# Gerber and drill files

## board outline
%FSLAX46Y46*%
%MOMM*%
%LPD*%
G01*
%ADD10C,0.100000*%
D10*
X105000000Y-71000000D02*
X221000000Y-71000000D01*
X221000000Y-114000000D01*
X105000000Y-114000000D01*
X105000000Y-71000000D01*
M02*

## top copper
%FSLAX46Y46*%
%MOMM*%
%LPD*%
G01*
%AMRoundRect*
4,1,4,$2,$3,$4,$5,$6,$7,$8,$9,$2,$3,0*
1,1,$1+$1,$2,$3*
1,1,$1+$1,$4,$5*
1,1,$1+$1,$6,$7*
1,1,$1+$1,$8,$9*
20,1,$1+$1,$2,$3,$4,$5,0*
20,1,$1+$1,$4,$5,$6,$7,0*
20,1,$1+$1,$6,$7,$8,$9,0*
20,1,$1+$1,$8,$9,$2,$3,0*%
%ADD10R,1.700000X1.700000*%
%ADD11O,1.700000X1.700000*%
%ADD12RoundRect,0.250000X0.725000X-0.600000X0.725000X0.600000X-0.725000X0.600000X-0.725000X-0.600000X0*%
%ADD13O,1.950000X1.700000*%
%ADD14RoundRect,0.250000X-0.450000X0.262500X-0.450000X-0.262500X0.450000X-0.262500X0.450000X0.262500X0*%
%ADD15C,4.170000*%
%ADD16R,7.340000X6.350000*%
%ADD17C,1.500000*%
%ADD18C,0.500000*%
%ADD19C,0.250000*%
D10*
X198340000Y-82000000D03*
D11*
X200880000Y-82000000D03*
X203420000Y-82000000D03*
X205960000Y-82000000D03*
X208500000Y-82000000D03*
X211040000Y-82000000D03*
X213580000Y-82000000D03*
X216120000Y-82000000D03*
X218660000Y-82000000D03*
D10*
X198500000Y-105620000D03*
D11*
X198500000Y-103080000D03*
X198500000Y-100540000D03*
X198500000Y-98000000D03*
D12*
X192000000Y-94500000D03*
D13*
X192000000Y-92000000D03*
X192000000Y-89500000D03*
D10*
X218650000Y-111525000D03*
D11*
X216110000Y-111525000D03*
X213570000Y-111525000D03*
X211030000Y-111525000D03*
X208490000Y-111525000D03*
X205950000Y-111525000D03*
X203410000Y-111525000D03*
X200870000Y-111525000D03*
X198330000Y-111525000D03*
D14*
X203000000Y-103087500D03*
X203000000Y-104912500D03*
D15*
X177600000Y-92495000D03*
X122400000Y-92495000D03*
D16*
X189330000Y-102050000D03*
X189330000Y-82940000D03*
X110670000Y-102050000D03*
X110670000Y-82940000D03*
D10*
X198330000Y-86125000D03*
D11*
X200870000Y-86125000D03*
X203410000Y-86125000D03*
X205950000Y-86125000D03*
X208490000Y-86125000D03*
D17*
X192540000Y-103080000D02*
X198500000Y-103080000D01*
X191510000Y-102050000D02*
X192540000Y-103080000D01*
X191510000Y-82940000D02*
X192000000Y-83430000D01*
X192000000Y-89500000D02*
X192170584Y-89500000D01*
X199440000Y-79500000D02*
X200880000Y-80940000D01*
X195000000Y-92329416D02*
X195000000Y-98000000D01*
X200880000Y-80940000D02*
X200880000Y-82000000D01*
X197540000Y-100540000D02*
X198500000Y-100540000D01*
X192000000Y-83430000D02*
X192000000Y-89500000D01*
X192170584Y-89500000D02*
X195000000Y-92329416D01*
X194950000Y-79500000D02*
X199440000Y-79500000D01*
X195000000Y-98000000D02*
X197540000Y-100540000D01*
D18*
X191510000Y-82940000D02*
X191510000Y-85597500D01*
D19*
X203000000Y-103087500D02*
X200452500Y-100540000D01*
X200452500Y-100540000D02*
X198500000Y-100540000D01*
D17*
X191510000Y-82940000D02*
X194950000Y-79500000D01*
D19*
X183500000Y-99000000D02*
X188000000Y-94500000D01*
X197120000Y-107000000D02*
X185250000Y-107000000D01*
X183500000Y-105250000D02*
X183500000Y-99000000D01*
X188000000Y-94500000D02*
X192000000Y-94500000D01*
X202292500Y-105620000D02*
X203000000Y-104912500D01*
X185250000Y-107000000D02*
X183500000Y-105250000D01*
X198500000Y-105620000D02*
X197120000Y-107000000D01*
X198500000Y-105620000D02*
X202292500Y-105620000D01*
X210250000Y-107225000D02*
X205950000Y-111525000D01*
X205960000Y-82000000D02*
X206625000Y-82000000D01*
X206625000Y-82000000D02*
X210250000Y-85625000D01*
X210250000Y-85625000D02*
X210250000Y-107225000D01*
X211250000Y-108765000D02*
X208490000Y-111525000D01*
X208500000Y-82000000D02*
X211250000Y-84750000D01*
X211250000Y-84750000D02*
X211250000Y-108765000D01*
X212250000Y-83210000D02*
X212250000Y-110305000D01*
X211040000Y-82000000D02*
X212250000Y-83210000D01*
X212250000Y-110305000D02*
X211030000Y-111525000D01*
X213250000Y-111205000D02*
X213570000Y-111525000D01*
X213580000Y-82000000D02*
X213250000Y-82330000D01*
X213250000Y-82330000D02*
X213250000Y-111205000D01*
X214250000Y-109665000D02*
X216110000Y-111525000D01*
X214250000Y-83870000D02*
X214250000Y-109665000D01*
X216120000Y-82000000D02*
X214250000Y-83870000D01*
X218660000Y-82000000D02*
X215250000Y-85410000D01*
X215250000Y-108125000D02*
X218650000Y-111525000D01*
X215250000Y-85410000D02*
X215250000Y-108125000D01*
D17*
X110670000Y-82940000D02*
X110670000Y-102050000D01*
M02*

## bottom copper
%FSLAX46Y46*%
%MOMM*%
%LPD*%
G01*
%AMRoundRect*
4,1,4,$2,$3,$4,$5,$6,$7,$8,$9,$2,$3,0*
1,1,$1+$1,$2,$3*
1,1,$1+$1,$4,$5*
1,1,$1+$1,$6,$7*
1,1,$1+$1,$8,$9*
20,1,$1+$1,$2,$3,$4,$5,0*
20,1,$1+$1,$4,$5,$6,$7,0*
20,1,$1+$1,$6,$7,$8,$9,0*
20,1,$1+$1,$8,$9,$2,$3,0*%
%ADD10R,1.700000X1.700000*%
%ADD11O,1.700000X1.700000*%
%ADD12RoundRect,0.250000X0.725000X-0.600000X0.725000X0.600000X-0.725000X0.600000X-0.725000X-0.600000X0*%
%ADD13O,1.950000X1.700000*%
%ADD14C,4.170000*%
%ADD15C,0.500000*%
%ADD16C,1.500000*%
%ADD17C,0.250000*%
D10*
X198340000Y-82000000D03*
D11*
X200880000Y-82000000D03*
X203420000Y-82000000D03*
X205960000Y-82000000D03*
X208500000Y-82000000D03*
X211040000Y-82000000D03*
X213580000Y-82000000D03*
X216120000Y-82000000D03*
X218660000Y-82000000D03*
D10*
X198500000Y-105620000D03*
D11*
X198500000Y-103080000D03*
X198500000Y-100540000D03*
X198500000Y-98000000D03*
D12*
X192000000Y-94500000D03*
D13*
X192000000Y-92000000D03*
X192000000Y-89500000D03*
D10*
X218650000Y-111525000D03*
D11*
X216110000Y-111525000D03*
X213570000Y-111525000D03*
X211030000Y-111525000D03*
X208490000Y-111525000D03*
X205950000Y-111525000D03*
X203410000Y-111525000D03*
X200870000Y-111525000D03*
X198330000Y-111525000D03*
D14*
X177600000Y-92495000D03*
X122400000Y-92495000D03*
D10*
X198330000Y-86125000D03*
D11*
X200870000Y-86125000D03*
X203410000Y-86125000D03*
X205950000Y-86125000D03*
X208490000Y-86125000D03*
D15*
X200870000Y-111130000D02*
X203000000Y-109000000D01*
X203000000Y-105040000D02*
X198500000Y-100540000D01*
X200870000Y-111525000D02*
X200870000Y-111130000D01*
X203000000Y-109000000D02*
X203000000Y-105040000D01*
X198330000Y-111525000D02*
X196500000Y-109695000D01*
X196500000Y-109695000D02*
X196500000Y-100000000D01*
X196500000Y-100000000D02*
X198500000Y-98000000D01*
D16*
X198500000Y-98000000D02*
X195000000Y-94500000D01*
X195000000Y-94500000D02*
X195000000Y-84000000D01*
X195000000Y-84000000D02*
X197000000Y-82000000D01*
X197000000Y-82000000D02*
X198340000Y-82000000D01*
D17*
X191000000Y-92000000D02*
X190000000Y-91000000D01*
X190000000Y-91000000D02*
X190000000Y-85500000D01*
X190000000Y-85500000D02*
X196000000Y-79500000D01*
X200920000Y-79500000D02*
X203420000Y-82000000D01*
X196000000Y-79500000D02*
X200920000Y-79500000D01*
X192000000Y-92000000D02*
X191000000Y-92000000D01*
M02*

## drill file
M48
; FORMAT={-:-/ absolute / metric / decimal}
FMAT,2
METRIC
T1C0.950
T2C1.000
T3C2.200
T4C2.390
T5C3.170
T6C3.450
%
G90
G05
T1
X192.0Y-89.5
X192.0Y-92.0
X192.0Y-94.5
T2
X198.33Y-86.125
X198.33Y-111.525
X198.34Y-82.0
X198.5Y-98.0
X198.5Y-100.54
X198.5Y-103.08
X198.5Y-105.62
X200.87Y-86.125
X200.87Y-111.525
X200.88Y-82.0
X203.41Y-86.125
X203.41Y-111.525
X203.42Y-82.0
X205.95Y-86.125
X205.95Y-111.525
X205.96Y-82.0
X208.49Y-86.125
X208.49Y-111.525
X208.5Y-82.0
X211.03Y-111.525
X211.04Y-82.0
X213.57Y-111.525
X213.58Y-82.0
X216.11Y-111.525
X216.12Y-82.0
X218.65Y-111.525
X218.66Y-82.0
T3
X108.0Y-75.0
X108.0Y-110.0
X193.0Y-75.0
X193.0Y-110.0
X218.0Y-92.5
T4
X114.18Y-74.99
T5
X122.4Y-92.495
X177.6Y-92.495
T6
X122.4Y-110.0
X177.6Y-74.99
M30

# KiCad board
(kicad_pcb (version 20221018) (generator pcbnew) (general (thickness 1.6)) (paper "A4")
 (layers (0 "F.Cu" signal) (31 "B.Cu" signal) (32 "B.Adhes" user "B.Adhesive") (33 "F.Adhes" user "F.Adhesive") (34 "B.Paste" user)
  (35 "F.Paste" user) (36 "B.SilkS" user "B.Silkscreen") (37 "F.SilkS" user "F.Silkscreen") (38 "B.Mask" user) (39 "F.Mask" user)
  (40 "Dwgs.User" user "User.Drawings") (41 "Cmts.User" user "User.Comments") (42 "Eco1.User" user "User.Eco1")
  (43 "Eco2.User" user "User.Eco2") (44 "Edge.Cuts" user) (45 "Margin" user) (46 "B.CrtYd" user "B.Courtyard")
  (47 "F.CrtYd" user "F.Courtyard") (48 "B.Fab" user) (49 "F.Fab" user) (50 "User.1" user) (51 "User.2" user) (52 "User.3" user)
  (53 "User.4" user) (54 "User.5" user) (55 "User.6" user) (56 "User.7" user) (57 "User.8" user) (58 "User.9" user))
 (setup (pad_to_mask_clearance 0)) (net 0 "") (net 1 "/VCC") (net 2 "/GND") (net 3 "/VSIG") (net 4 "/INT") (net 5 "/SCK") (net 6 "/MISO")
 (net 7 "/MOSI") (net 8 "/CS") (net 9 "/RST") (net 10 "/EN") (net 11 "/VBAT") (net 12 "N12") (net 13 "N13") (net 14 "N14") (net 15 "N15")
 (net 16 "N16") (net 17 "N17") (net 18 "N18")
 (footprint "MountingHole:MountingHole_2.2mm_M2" (layer "F.Cu") (at 108 110)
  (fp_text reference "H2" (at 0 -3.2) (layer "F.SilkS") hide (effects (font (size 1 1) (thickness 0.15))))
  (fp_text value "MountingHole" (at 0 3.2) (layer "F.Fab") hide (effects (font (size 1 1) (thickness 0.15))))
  (pad "" np_thru_hole circle (at 0 0) (size 2.2 2.2) (drill 2.2) (layers "*.Cu" "*.Mask")))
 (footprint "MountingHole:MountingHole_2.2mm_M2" (layer "F.Cu") (at 218 92.5)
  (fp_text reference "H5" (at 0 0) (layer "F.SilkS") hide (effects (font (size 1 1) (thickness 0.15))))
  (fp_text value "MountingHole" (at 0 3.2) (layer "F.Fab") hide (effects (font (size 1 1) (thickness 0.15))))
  (pad "" np_thru_hole circle (at 0 0) (size 2.2 2.2) (drill 2.2) (layers "*.Cu" "*.Mask")))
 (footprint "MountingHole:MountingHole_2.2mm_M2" (layer "F.Cu") (at 108 75)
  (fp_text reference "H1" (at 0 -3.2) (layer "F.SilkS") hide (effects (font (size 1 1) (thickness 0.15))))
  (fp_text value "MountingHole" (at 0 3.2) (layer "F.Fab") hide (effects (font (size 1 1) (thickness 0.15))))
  (pad "" np_thru_hole circle (at 0 0) (size 2.2 2.2) (drill 2.2) (layers "*.Cu" "*.Mask")))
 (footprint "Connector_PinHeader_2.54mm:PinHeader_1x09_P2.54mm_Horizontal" (layer "F.Cu") (at 198.34 82 90)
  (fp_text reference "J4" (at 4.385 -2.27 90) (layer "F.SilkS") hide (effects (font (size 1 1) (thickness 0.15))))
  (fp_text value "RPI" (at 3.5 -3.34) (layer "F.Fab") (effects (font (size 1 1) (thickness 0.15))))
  (pad "1" thru_hole rect (at 0 0 90) (size 1.7 1.7) (drill 1) (layers "*.Cu" "*.Mask") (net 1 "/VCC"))
  (pad "2" thru_hole oval (at 0 2.54 90) (size 1.7 1.7) (drill 1) (layers "*.Cu" "*.Mask") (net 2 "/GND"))
  (pad "3" thru_hole oval (at 0 5.08 90) (size 1.7 1.7) (drill 1) (layers "*.Cu" "*.Mask") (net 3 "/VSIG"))
  (pad "4" thru_hole oval (at 0 7.62 90) (size 1.7 1.7) (drill 1) (layers "*.Cu" "*.Mask") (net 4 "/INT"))
  (pad "5" thru_hole oval (at 0 10.16 90) (size 1.7 1.7) (drill 1) (layers "*.Cu" "*.Mask") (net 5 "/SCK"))
  (pad "6" thru_hole oval (at 0 12.7 90) (size 1.7 1.7) (drill 1) (layers "*.Cu" "*.Mask") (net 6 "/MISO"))
  (pad "7" thru_hole oval (at 0 15.24 90) (size 1.7 1.7) (drill 1) (layers "*.Cu" "*.Mask") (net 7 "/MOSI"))
  (pad "8" thru_hole oval (at 0 17.78 90) (size 1.7 1.7) (drill 1) (layers "*.Cu" "*.Mask") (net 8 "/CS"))
  (pad "9" thru_hole oval (at 0 20.32 90) (size 1.7 1.7) (drill 1) (layers "*.Cu" "*.Mask") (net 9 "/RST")))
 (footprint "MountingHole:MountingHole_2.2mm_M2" (layer "F.Cu") (at 193 110)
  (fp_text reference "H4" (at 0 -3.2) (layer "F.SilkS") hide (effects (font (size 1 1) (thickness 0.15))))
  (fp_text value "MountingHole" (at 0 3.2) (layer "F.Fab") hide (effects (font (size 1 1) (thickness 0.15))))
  (pad "" np_thru_hole circle (at 0 0) (size 2.2 2.2) (drill 2.2) (layers "*.Cu" "*.Mask")))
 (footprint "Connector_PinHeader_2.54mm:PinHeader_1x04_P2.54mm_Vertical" (layer "F.Cu") (at 198.5 105.62 180)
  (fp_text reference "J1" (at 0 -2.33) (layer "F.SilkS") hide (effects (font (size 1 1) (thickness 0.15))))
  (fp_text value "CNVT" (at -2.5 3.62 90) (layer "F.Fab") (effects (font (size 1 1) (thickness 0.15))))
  (pad "1" thru_hole rect (at 0 0 180) (size 1.7 1.7) (drill 1) (layers "*.Cu" "*.Mask") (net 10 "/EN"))
  (pad "2" thru_hole oval (at 0 2.54 180) (size 1.7 1.7) (drill 1) (layers "*.Cu" "*.Mask") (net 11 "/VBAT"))
  (pad "3" thru_hole oval (at 0 5.08 180) (size 1.7 1.7) (drill 1) (layers "*.Cu" "*.Mask") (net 2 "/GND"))
  (pad "4" thru_hole oval (at 0 7.62 180) (size 1.7 1.7) (drill 1) (layers "*.Cu" "*.Mask") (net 1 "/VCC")))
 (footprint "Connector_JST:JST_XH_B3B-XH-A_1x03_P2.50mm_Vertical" (layer "F.Cu") (at 192 94.5 90)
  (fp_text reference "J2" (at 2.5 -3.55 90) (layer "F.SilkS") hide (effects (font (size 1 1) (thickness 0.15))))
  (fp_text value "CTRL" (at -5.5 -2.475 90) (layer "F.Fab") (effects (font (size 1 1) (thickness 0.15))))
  (pad "1" thru_hole roundrect (at 0 0 90) (size 1.7 1.95) (drill 0.95) (layers "*.Cu" "*.Mask") (roundrect_rratio 0.147059) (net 10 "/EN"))
  (pad "2" thru_hole oval (at 2.5 0 90) (size 1.7 1.95) (drill 0.95) (layers "*.Cu" "*.Mask") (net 3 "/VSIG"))
  (pad "3" thru_hole oval (at 5 0 90) (size 1.7 1.95) (drill 0.95) (layers "*.Cu" "*.Mask") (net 2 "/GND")))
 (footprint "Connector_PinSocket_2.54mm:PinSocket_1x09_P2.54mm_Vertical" (layer "F.Cu") (at 218.65 111.525 -90)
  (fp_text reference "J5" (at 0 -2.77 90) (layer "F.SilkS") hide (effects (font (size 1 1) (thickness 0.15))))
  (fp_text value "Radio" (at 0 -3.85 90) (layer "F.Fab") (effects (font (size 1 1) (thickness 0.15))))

## Work required
The reply should consist solely of the lines of the data, exact, from the opening line through the line with "X203000000Y-103087500D03*", inclusive.

## Your response
# Gerber and drill files

## board outline
%FSLAX46Y46*%
%MOMM*%
%LPD*%
G01*
%ADD10C,0.100000*%
D10*
X105000000Y-71000000D02*
X221000000Y-71000000D01*
X221000000Y-114000000D01*
X105000000Y-114000000D01*
X105000000Y-71000000D01*
M02*

## top copper
%FSLAX46Y46*%
%MOMM*%
%LPD*%
G01*
%AMRoundRect*
4,1,4,$2,$3,$4,$5,$6,$7,$8,$9,$2,$3,0*
1,1,$1+$1,$2,$3*
1,1,$1+$1,$4,$5*
1,1,$1+$1,$6,$7*
1,1,$1+$1,$8,$9*
20,1,$1+$1,$2,$3,$4,$5,0*
20,1,$1+$1,$4,$5,$6,$7,0*
20,1,$1+$1,$6,$7,$8,$9,0*
20,1,$1+$1,$8,$9,$2,$3,0*%
%ADD10R,1.700000X1.700000*%
%ADD11O,1.700000X1.700000*%
%ADD12RoundRect,0.250000X0.725000X-0.600000X0.725000X0.600000X-0.725000X0.600000X-0.725000X-0.600000X0*%
%ADD13O,1.950000X1.700000*%
%ADD14RoundRect,0.250000X-0.450000X0.262500X-0.450000X-0.262500X0.450000X-0.262500X0.450000X0.262500X0*%
%ADD15C,4.170000*%
%ADD16R,7.340000X6.350000*%
%ADD17C,1.500000*%
%ADD18C,0.500000*%
%ADD19C,0.250000*%
D10*
X198340000Y-82000000D03*
D11*
X200880000Y-82000000D03*
X203420000Y-82000000D03*
X205960000Y-82000000D03*
X208500000Y-82000000D03*
X211040000Y-82000000D03*
X213580000Y-82000000D03*
X216120000Y-82000000D03*
X218660000Y-82000000D03*
D10*
X198500000Y-105620000D03*
D11*
X198500000Y-103080000D03*
X198500000Y-100540000D03*
X198500000Y-98000000D03*
D12*
X192000000Y-94500000D03*
D13*
X192000000Y-92000000D03*
X192000000Y-89500000D03*
D10*
X218650000Y-111525000D03*
D11*
X216110000Y-111525000D03*
X213570000Y-111525000D03*
X211030000Y-111525000D03*
X208490000Y-111525000D03*
X205950000Y-111525000D03*
X203410000Y-111525000D03*
X200870000Y-111525000D03*
X198330000Y-111525000D03*
D14*
X203000000Y-103087500D03*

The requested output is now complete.